Schade. Ich existiere im Web also nicht. Zumindest nicht in Echtzeit. Oder sie ist für Deutschland noch nicht vorgesehen. Oder ich habe „Echtzeit“ falsch verstanden. Kann ja durchaus auch sein. Denn bei der normalen Web-Suche bin ich mit meinem Posting dabei:

Spikymarry Echtzeitsuche

Nun denn. Ich habe noch ein paar andere „Tests“ unternommen, die mich allesamt nicht haben vor Freude aus dem Hemd springen lassen. Zum Beispiel habe ich unter meinem Vor- und Nachnamen und der Einstellung „News“ gesucht und einen Treffer erhalten – bei Google gab’s zwei. Immerhin 100 Prozent mehr. Als Herausforderer darf man sich so etwas natürlich nicht erlauben, vor allem dann nicht, wenn man laut eigenen Angaben bei seiner Suche auch auf den Google-Pool zurückgreift. Zudem gefällt mir die Sortierung der Suchergebnisse nicht so gut. Leapfish sortiert die Ergebnisse der Suchen beispielsweise nach Web, Twitter, Videos, Blogs, Bildern und so weiter, ein Ranking findet dann in den einzelnen Rubriken statt. Wer beispielsweise nur nach Themen innerhalb eines bestimmten Web 2.0-Bereichs sucht, kann damit schneller fündig werden. Für ein allgemeines Herantasten an ein Thema ist dies jedoch recht umständlich. Ich würde beispielsweise erwarten, dass unter ‚Spikymarry‚ als erstes mein Twitter-Account angezeigt wird – wie das bei Google auch der Fall ist. Stattdessen führen die ersten beiden Ergebnisse zu meinen Twitter-Stats auf twittercounter.com. Für weitere (negative) Eindrücke solltet ihr ReadWriteWeb besuchen. Für positive Eindrücke müsst ihr selbst sorgen und Leapfish mal testen. Vielleicht gefällt’s euch ja. Es gibt definitiv ein paar Feature, die nicht uninteressant sind (zum Beispiel die direkte Verbindung zu eurem Facebook– oder Twitter-Account).

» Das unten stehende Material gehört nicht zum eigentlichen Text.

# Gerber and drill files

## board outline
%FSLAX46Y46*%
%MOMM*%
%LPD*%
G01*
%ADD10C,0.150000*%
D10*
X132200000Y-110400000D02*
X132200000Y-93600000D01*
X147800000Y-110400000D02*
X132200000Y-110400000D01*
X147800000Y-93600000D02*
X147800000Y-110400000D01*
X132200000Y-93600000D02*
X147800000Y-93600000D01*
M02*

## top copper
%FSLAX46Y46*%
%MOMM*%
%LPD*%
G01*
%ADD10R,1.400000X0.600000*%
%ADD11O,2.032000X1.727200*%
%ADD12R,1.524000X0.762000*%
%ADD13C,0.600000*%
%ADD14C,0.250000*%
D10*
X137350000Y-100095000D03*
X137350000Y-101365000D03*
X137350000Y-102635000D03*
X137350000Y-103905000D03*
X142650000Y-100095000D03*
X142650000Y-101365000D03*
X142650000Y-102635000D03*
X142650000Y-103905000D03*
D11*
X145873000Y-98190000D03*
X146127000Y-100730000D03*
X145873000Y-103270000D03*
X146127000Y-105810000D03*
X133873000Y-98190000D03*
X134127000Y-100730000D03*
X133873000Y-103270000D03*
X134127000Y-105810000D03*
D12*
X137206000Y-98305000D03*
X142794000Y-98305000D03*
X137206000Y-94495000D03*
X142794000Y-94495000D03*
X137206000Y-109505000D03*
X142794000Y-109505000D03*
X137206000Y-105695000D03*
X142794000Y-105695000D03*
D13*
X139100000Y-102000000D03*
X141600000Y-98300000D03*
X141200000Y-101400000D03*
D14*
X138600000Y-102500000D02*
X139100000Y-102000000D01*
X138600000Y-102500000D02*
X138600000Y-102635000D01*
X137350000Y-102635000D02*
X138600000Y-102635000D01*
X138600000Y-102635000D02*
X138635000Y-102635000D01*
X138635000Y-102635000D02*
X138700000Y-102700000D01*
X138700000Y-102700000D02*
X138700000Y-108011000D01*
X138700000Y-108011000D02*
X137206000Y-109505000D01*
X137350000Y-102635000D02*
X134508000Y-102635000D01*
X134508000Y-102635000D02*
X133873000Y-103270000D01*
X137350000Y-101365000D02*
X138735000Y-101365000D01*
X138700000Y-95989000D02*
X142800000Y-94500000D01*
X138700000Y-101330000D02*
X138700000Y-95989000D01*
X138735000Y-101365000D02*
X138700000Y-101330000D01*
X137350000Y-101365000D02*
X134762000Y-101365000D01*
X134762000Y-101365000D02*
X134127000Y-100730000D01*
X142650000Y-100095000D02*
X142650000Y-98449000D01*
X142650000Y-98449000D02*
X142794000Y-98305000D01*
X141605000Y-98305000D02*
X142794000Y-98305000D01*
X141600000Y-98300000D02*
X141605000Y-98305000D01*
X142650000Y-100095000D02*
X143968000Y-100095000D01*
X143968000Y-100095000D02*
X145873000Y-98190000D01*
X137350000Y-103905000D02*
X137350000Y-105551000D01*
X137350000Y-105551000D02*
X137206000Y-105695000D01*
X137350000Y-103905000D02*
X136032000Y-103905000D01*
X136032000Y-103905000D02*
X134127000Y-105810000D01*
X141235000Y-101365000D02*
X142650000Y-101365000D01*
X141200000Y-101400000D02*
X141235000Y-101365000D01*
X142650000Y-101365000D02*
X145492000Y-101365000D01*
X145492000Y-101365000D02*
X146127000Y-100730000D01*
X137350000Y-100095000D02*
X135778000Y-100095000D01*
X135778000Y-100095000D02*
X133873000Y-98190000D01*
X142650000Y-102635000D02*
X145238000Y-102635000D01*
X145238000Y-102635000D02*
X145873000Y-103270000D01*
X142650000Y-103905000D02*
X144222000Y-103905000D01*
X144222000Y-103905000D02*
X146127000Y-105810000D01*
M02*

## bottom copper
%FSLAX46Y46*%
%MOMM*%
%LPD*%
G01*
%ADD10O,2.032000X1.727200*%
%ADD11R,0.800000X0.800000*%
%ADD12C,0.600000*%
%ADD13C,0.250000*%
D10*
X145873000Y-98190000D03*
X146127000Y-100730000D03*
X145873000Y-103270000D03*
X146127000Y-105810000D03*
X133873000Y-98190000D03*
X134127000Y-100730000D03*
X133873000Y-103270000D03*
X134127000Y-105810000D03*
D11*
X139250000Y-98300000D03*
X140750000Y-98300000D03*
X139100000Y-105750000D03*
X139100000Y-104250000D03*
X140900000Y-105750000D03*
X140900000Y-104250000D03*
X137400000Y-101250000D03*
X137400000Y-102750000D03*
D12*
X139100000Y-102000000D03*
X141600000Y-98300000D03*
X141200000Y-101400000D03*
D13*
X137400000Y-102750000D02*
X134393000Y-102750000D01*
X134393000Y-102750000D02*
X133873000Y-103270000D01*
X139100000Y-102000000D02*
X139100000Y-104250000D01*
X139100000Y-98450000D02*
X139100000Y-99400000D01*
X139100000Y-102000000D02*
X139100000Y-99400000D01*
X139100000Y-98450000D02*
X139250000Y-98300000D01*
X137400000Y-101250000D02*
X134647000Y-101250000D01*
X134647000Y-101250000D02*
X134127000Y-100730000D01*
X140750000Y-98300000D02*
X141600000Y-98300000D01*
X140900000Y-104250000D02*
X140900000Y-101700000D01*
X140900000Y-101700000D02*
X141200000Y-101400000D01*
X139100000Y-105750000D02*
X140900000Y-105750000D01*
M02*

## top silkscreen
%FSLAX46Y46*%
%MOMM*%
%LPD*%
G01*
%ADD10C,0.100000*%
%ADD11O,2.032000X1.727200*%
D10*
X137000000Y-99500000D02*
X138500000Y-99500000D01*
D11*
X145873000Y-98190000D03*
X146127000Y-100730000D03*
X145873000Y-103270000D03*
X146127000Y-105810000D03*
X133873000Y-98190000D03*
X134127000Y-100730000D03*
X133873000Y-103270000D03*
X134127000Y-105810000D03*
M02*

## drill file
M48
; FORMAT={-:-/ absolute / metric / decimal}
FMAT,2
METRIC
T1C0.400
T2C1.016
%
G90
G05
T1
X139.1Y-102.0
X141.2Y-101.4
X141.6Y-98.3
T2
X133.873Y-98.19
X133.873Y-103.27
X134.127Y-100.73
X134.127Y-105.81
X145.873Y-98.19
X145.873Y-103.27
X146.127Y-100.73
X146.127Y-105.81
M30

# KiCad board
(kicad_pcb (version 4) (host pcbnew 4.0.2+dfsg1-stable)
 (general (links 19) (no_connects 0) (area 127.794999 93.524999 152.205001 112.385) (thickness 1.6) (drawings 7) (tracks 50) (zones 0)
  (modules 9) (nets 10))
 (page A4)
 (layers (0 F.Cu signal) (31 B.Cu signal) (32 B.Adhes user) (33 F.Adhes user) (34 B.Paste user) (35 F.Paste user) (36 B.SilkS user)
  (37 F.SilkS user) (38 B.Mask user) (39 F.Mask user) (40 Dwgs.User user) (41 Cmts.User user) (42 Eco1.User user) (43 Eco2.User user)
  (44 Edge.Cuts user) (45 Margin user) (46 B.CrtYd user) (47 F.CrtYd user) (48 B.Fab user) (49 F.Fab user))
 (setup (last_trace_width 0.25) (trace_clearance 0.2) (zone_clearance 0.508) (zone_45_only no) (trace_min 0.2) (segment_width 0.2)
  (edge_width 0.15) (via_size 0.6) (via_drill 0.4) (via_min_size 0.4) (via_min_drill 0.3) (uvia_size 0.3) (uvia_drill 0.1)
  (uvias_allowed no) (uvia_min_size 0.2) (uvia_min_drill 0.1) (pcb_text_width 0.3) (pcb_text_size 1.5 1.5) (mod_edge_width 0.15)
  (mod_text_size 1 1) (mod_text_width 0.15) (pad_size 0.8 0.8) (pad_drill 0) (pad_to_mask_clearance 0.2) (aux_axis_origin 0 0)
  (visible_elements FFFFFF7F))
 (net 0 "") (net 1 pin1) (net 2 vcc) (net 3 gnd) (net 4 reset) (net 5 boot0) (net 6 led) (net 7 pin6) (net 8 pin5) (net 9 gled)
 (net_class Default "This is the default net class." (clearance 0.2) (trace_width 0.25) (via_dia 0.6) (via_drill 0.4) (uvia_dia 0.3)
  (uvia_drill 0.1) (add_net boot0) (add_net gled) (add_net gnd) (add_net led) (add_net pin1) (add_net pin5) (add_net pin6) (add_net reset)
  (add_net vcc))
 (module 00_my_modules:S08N (layer F.Cu) (at 140 102)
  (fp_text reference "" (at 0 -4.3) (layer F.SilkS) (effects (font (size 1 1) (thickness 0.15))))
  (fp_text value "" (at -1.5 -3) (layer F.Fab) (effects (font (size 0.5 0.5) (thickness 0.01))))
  (fp_line (start -3 -2.5) (end -1.5 -2.5) (layer F.SilkS) (width 0.1))
  (pad 1 smd rect (at -2.65 -1.905) (size 1.4 0.6) (layers F.Cu F.Paste F.Mask) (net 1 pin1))
  (pad VCC smd rect (at -2.65 -0.635) (size 1.4 0.6) (layers F.Cu F.Paste F.Mask) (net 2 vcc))
  (pad GND smd rect (at -2.65 0.635) (size 1.4 0.6) (layers F.Cu F.Paste F.Mask) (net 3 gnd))
  (pad NRST smd rect (at -2.65 1.905) (size 1.4 0.6) (layers F.Cu F.Paste F.Mask) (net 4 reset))
  (pad BOOT smd rect (at 2.65 -1.905) (size 1.4 0.6) (layers F.Cu F.Paste F.Mask) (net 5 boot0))
  (pad PA13 smd rect (at 2.65 -0.635) (size 1.4 0.6) (layers F.Cu F.Paste F.Mask) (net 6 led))
  (pad 6 smd rect (at 2.65 0.635) (size 1.4 0.6) (layers F.Cu F.Paste F.Mask) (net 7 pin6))
  (pad 5 smd rect (at 2.65 1.905) (size 1.4 0.6) (layers F.Cu F.Paste F.Mask) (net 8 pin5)))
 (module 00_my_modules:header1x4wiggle (layer F.Cu) (at 146 102)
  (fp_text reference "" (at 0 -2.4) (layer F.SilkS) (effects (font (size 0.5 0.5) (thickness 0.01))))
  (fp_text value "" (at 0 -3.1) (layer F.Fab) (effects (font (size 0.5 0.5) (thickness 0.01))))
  (pad BOOT thru_hole oval (at -0.127 -3.81) (size 2.032 1.7272) (drill 1.016) (layers *.Cu *.Mask F.SilkS) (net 5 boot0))
  (pad LED thru_hole oval (at 0.127 -1.27) (size 2.032 1.7272) (drill 1.016) (layers *.Cu *.Mask F.SilkS) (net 6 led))
  (pad 6 thru_hole oval (at -0.127 1.27) (size 2.032 1.7272) (drill 1.016) (layers *.Cu *.Mask F.SilkS) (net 7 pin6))
  (pad 5 thru_hole oval (at 0.127 3.81) (size 2.032 1.7272) (drill 1.016) (layers *.Cu *.Mask F.SilkS) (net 8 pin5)))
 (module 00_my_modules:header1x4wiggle (layer F.Cu) (at 134 102)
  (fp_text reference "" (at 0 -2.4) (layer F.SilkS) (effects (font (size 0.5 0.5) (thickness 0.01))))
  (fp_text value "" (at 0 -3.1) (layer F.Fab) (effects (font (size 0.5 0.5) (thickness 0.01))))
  (pad 1 thru_hole oval (at -0.127 -3.81) (size 2.032 1.7272) (drill 1.016) (layers *.Cu *.Mask F.SilkS) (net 1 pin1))
  (pad VCC thru_hole oval (at 0.127 -1.27) (size 2.032 1.7272) (drill 1.016) (layers *.Cu *.Mask F.SilkS) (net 2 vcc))
  (pad GND thru_hole oval (at -0.127 1.27) (size 2.032 1.7272) (drill 1.016) (layers *.Cu *.Mask F.SilkS) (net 3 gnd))
  (pad NRST thru_hole oval (at 0.127 3.81) (size 2.032 1.7272) (drill 1.016) (layers *.Cu *.Mask F.SilkS) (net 4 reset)))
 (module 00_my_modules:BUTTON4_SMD (layer F.Cu) (at 140 96.4)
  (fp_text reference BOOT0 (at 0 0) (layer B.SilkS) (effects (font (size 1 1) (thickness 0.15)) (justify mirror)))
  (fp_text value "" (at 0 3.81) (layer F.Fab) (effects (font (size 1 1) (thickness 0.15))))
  (pad "" smd rect (at -2.794 1.905) (size 1.524 0.762) (layers F.Cu F.Paste F.Mask))
  (pad BOOT smd rect (at 2.794 1.905) (size 1.524 0.762) (layers F.Cu F.Paste F.Mask) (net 5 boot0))
  (pad "" smd rect (at -2.794 -1.905) (size 1.524 0.762) (layers F.Cu F.Paste F.Mask))
  (pad VCC smd rect (at 2.794 -1.905) (size 1.524 0.762) (layers F.Cu F.Paste F.Mask) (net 2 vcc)))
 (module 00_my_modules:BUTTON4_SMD (layer F.Cu) (at 140 107.6)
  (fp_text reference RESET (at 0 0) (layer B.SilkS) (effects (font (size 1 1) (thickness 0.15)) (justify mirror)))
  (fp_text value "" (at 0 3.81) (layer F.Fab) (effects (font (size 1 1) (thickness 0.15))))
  (pad GND smd rect (at -2.794 1.905) (size 1.524 0.762) (layers F.Cu F.Paste F.Mask) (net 3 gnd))
  (pad "" smd rect (at 2.794 1.905) (size 1.524 0.762) (layers F.Cu F.Paste F.Mask))
  (pad NRST smd rect (at -2.794 -1.905) (size 1.524 0.762) (layers F.Cu F.Paste F.Mask) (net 4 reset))
  (pad "" smd rect (at 2.794 -1.905) (size 1.524 0.762) (layers F.Cu F.Paste F.Mask)))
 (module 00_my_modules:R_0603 (layer B.Cu) (at 140 98.3)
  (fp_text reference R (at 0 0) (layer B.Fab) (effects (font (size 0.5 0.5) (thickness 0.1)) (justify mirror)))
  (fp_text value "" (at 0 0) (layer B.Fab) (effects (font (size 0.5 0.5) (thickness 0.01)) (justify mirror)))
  (pad GND smd rect (at -0.75 0) (size 0.8 0.8) (layers B.Cu B.Paste B.Mask) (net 3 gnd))
  (pad BOOT smd rect (at 0.75 0) (size 0.8 0.8) (layers B.Cu B.Paste B.Mask) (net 5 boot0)))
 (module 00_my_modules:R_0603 (layer B.Cu) (at 139.1 105 90)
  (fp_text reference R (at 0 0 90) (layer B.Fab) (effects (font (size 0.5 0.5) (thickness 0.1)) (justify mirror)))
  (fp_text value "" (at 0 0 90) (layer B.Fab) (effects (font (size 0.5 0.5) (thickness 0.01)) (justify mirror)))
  (pad GLED smd rect (at -0.75 0 90) (size 0.8 0.8) (layers B.Cu B.Paste B.Mask) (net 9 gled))
  (pad GND smd rect (at 0.75 0 90) (size 0.8 0.8) (layers B.Cu B.Paste B.Mask) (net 3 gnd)))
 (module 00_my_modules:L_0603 (layer B.Cu) (at 140.9 105 90)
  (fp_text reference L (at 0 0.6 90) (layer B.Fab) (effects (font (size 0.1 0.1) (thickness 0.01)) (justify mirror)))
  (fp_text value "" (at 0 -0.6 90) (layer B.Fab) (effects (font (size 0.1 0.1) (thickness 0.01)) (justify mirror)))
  (pad GLED smd rect (at -0.75 0 90) (size 0.8 0.8) (layers B.Cu B.Paste B.Mask) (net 9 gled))
  (pad LED smd rect (at 0.75 0 90) (size 0.8 0.8) (layers B.Cu B.Paste B.Mask) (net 6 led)))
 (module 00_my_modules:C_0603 (layer B.Cu) (at 137.4 102 270)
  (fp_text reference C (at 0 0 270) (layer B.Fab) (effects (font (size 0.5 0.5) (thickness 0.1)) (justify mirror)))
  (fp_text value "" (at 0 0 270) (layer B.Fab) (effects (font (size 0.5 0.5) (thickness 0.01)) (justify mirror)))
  (pad 1 smd rect (at -0.75 0 270) (size 0.8 0.8) (layers B.Cu B.Paste B.Mask) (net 2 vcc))
  (pad 2 smd rect (at 0.75 0 270) (size 0.8 0.8) (layers B.Cu B.Paste B.Mask) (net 3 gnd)))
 (gr_line (start 132.2 110.4) (end 132.2 93.6) (angle 90) (layer Edge.Cuts) (width 0.15))
 (gr_line (start 147.8 110.4) (end 132.2 110.4) (angle 90) (layer Edge.Cuts) (width 0.15))
 (gr_line (start 147.8 93.6) (end 147.8 110.4) (angle 90) (layer Edge.Cuts) (width 0.15))
 (gr_line (start 132.2 93.6) (end 147.8 93.6) (angle 90) (layer Edge.Cuts) (width 0.15))
 (segment (start 137.4 102.75) (end 134.393 102.75) (width 0.25) (layer B.Cu) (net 3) (status C00000))
 (segment (start 134.393 102.75) (end 133.873 103.27) (width 0.25) (layer B.Cu) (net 3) (status C00000))
 (segment (start 139.1 102) (end 139.1 104.25) (width 0.25) (layer B.Cu) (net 3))
 (segment (start 139.1 98.45) (end 139.1 99.4) (width 0.25) (layer B.Cu) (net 3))
 (segment (start 138.6 102.5) (end 139.1 102) (width 0.25) (layer F.Cu) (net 3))
 (via (at 139.1 102) (size 0.6) (drill 0.4) (layers F.Cu B.Cu) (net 3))
 (segment (start 139.1 102) (end 139.1 99.4) (width 0.25) (layer B.Cu) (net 3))
 (segment (start 138.6 102.5) (end 138.6 102.635) (width 0.25) (layer F.Cu) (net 3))
 (segment (start 139.1 98.45) (end 139.25 98.3) (width 0.25) (layer B.Cu) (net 3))
 (segment (start 137.35 102.635) (end 138.6 102.635) (width 0.25) (layer F.Cu) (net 3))
 (segment (start 138.6 102.635) (end 138.635 102.635) (width 0.25) (layer F.Cu) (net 3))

Nun gut. Es ist natürlich noch ein wenig früh, ein abschließendes Urteil abzugeben. Aber eines dürfte klar sein: Noch muss sich keine der etablierten Suchmaschinen davor fürchten, morgen seine Marktanteile an Leapfish zu verlieren. Aber völlig abgesehen davon, wie sich Leapfish noch entwickelt, mit einer Sache haben sie mich schon überzeugt: dem Video. Ich find’s geil.

(Marek Hoffmann)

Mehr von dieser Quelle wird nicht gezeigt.